→ **EXERCISE DATA**:
= Beginning of Section =

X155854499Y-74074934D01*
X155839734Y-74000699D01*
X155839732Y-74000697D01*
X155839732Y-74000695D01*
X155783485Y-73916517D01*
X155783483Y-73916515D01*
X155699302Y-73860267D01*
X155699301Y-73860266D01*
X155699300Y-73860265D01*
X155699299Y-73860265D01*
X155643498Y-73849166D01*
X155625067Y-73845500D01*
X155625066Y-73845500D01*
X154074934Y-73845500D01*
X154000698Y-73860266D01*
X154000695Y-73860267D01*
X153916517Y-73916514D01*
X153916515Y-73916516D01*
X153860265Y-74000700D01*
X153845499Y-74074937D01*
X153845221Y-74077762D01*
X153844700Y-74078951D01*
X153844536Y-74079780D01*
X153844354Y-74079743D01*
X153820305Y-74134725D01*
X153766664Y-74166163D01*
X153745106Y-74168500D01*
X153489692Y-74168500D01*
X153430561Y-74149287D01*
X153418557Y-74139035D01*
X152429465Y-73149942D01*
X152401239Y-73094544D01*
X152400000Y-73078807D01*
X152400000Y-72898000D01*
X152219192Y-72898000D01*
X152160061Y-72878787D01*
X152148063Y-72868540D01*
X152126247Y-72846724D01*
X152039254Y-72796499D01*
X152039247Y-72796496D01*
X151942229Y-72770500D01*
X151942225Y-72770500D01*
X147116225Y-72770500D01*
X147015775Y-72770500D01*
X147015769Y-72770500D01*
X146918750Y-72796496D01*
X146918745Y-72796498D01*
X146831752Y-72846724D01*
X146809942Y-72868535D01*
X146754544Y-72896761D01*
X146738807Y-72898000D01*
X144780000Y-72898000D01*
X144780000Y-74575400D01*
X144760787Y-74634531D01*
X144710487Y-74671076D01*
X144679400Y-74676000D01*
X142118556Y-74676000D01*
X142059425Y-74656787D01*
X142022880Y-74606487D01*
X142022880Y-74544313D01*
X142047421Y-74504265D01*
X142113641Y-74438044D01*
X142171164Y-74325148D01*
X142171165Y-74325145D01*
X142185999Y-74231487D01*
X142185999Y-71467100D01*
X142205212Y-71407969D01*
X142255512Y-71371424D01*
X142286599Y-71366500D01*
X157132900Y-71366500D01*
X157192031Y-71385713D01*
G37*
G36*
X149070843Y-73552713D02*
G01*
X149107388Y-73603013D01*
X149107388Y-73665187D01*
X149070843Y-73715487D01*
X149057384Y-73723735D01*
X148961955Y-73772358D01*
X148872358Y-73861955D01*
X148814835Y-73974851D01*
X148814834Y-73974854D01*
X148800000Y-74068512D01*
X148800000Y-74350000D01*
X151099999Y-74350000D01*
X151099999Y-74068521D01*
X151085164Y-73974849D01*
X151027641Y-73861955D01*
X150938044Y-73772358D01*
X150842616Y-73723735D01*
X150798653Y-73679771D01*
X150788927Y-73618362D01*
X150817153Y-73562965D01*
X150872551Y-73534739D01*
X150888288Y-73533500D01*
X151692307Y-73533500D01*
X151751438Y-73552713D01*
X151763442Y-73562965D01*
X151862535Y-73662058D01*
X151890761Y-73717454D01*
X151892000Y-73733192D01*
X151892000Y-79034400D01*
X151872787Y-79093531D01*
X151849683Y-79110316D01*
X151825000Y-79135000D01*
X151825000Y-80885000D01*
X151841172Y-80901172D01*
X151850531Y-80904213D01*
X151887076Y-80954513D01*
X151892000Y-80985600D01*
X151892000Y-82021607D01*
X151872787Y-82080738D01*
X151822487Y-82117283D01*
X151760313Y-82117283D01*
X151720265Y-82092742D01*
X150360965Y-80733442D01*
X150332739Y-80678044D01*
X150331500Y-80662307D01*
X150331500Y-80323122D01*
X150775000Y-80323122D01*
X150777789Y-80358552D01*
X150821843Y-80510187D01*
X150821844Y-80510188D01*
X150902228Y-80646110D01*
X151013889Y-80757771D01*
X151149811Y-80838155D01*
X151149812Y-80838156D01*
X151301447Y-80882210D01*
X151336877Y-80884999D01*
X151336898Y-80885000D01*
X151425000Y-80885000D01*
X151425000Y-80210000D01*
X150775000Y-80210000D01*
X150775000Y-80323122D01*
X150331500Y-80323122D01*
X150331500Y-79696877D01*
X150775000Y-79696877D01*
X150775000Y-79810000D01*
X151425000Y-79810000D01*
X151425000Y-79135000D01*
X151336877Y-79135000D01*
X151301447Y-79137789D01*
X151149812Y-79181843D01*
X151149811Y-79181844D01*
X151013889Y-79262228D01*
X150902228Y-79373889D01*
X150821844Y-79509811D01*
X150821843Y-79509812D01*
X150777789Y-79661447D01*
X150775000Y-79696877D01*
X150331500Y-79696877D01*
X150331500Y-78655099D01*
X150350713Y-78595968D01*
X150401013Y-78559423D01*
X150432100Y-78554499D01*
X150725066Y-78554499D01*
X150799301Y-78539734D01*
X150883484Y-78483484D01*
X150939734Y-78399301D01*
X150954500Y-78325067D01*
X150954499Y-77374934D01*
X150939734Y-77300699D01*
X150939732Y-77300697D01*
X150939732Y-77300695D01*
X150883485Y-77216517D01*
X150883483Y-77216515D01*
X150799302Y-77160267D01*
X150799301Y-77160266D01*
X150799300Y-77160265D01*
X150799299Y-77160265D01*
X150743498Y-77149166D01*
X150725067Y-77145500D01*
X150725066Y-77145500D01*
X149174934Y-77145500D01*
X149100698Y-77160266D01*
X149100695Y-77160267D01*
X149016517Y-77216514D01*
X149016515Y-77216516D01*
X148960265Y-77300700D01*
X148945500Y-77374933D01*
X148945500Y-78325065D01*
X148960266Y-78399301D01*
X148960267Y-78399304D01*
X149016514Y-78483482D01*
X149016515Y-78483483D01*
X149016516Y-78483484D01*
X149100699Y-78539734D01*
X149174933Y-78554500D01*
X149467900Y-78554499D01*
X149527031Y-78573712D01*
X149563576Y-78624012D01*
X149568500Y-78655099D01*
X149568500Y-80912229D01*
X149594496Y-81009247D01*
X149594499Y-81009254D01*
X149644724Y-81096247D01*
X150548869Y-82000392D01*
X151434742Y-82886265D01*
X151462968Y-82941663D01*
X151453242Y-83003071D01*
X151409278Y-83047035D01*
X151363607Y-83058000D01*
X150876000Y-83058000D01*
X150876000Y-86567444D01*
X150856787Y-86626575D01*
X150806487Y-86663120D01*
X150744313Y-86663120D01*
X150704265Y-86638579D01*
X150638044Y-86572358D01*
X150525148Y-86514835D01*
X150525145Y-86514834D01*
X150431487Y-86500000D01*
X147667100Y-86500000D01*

= End of Section =

→ **TASK INSTRUCTIONS**: Give the listing again in its entirety, exactly as written.

→ **FINAL ANSWER**:
X155854499Y-74074934D01*
X155839734Y-74000699D01*
X155839732Y-74000697D01*
X155839732Y-74000695D01*
X155783485Y-73916517D01*
X155783483Y-73916515D01*
X155699302Y-73860267D01*
X155699301Y-73860266D01*
X155699300Y-73860265D01*
X155699299Y-73860265D01*
X155643498Y-73849166D01*
X155625067Y-73845500D01*
X155625066Y-73845500D01*
X154074934Y-73845500D01*
X154000698Y-73860266D01*
X154000695Y-73860267D01*
X153916517Y-73916514D01*
X153916515Y-73916516D01*
X153860265Y-74000700D01*
X153845499Y-74074937D01*
X153845221Y-74077762D01*
X153844700Y-74078951D01*
X153844536Y-74079780D01*
X153844354Y-74079743D01*
X153820305Y-74134725D01*
X153766664Y-74166163D01*
X153745106Y-74168500D01*
X153489692Y-74168500D01*
X153430561Y-74149287D01*
X153418557Y-74139035D01*
X152429465Y-73149942D01*
X152401239Y-73094544D01*
X152400000Y-73078807D01*
X152400000Y-72898000D01*
X152219192Y-72898000D01*
X152160061Y-72878787D01*
X152148063Y-72868540D01*
X152126247Y-72846724D01*
X152039254Y-72796499D01*
X152039247Y-72796496D01*
X151942229Y-72770500D01*
X151942225Y-72770500D01*
X147116225Y-72770500D01*
X147015775Y-72770500D01*
X147015769Y-72770500D01*
X146918750Y-72796496D01*
X146918745Y-72796498D01*
X146831752Y-72846724D01*
X146809942Y-72868535D01*
X146754544Y-72896761D01*
X146738807Y-72898000D01*
X144780000Y-72898000D01*
X144780000Y-74575400D01*
X144760787Y-74634531D01*
X144710487Y-74671076D01*
X144679400Y-74676000D01*
X142118556Y-74676000D01*
X142059425Y-74656787D01*
X142022880Y-74606487D01*
X142022880Y-74544313D01*
X142047421Y-74504265D01*
X142113641Y-74438044D01*
X142171164Y-74325148D01*
X142171165Y-74325145D01*
X142185999Y-74231487D01*
X142185999Y-71467100D01*
X142205212Y-71407969D01*
X142255512Y-71371424D01*
X142286599Y-71366500D01*
X157132900Y-71366500D01*
X157192031Y-71385713D01*
G37*
G36*
X149070843Y-73552713D02*
G01*
X149107388Y-73603013D01*
X149107388Y-73665187D01*
X149070843Y-73715487D01*
X149057384Y-73723735D01*
X148961955Y-73772358D01*
X148872358Y-73861955D01*
X148814835Y-73974851D01*
X148814834Y-73974854D01*
X148800000Y-74068512D01*
X148800000Y-74350000D01*
X151099999Y-74350000D01*
X151099999Y-74068521D01*
X151085164Y-73974849D01*
X151027641Y-73861955D01*
X150938044Y-73772358D01*
X150842616Y-73723735D01*
X150798653Y-73679771D01*
X150788927Y-73618362D01*
X150817153Y-73562965D01*
X150872551Y-73534739D01*
X150888288Y-73533500D01*
X151692307Y-73533500D01*
X151751438Y-73552713D01*
X151763442Y-73562965D01*
X151862535Y-73662058D01*
X151890761Y-73717454D01*
X151892000Y-73733192D01*
X151892000Y-79034400D01*
X151872787Y-79093531D01*
X151849683Y-79110316D01*
X151825000Y-79135000D01*
X151825000Y-80885000D01*
X151841172Y-80901172D01*
X151850531Y-80904213D01*
X151887076Y-80954513D01*
X151892000Y-80985600D01*
X151892000Y-82021607D01*
X151872787Y-82080738D01*
X151822487Y-82117283D01*
X151760313Y-82117283D01*
X151720265Y-82092742D01*
X150360965Y-80733442D01*
X150332739Y-80678044D01*
X150331500Y-80662307D01*
X150331500Y-80323122D01*
X150775000Y-80323122D01*
X150777789Y-80358552D01*
X150821843Y-80510187D01*
X150821844Y-80510188D01*
X150902228Y-80646110D01*
X151013889Y-80757771D01*
X151149811Y-80838155D01*
X151149812Y-80838156D01*
X151301447Y-80882210D01*
X151336877Y-80884999D01*
X151336898Y-80885000D01*
X151425000Y-80885000D01*
X151425000Y-80210000D01*
X150775000Y-80210000D01*
X150775000Y-80323122D01*
X150331500Y-80323122D01*
X150331500Y-79696877D01*
X150775000Y-79696877D01*
X150775000Y-79810000D01*
X151425000Y-79810000D01*
X151425000Y-79135000D01*
X151336877Y-79135000D01*
X151301447Y-79137789D01*
X151149812Y-79181843D01*
X151149811Y-79181844D01*
X151013889Y-79262228D01*
X150902228Y-79373889D01*
X150821844Y-79509811D01*
X150821843Y-79509812D01*
X150777789Y-79661447D01*
X150775000Y-79696877D01*
X150331500Y-79696877D01*
X150331500Y-78655099D01*
X150350713Y-78595968D01*
X150401013Y-78559423D01*
X150432100Y-78554499D01*
X150725066Y-78554499D01*
X150799301Y-78539734D01*
X150883484Y-78483484D01*
X150939734Y-78399301D01*
X150954500Y-78325067D01*
X150954499Y-77374934D01*
X150939734Y-77300699D01*
X150939732Y-77300697D01*
X150939732Y-77300695D01*
X150883485Y-77216517D01*
X150883483Y-77216515D01*
X150799302Y-77160267D01*
X150799301Y-77160266D01*
X150799300Y-77160265D01*
X150799299Y-77160265D01*
X150743498Y-77149166D01*
X150725067Y-77145500D01*
X150725066Y-77145500D01*
X149174934Y-77145500D01*
X149100698Y-77160266D01*
X149100695Y-77160267D01*
X149016517Y-77216514D01*
X149016515Y-77216516D01*
X148960265Y-77300700D01*
X148945500Y-77374933D01*
X148945500Y-78325065D01*
X148960266Y-78399301D01*
X148960267Y-78399304D01*
X149016514Y-78483482D01*
X149016515Y-78483483D01*
X149016516Y-78483484D01*
X149100699Y-78539734D01*
X149174933Y-78554500D01*
X149467900Y-78554499D01*
X149527031Y-78573712D01*
X149563576Y-78624012D01*
X149568500Y-78655099D01*
X149568500Y-80912229D01*
X149594496Y-81009247D01*
X149594499Y-81009254D01*
X149644724Y-81096247D01*
X150548869Y-82000392D01*
X151434742Y-82886265D01*
X151462968Y-82941663D01*
X151453242Y-83003071D01*
X151409278Y-83047035D01*
X151363607Y-83058000D01*
X150876000Y-83058000D01*
X150876000Y-86567444D01*
X150856787Y-86626575D01*
X150806487Y-86663120D01*
X150744313Y-86663120D01*
X150704265Y-86638579D01*
X150638044Y-86572358D01*
X150525148Y-86514835D01*
X150525145Y-86514834D01*
X150431487Y-86500000D01*
X147667100Y-86500000D01*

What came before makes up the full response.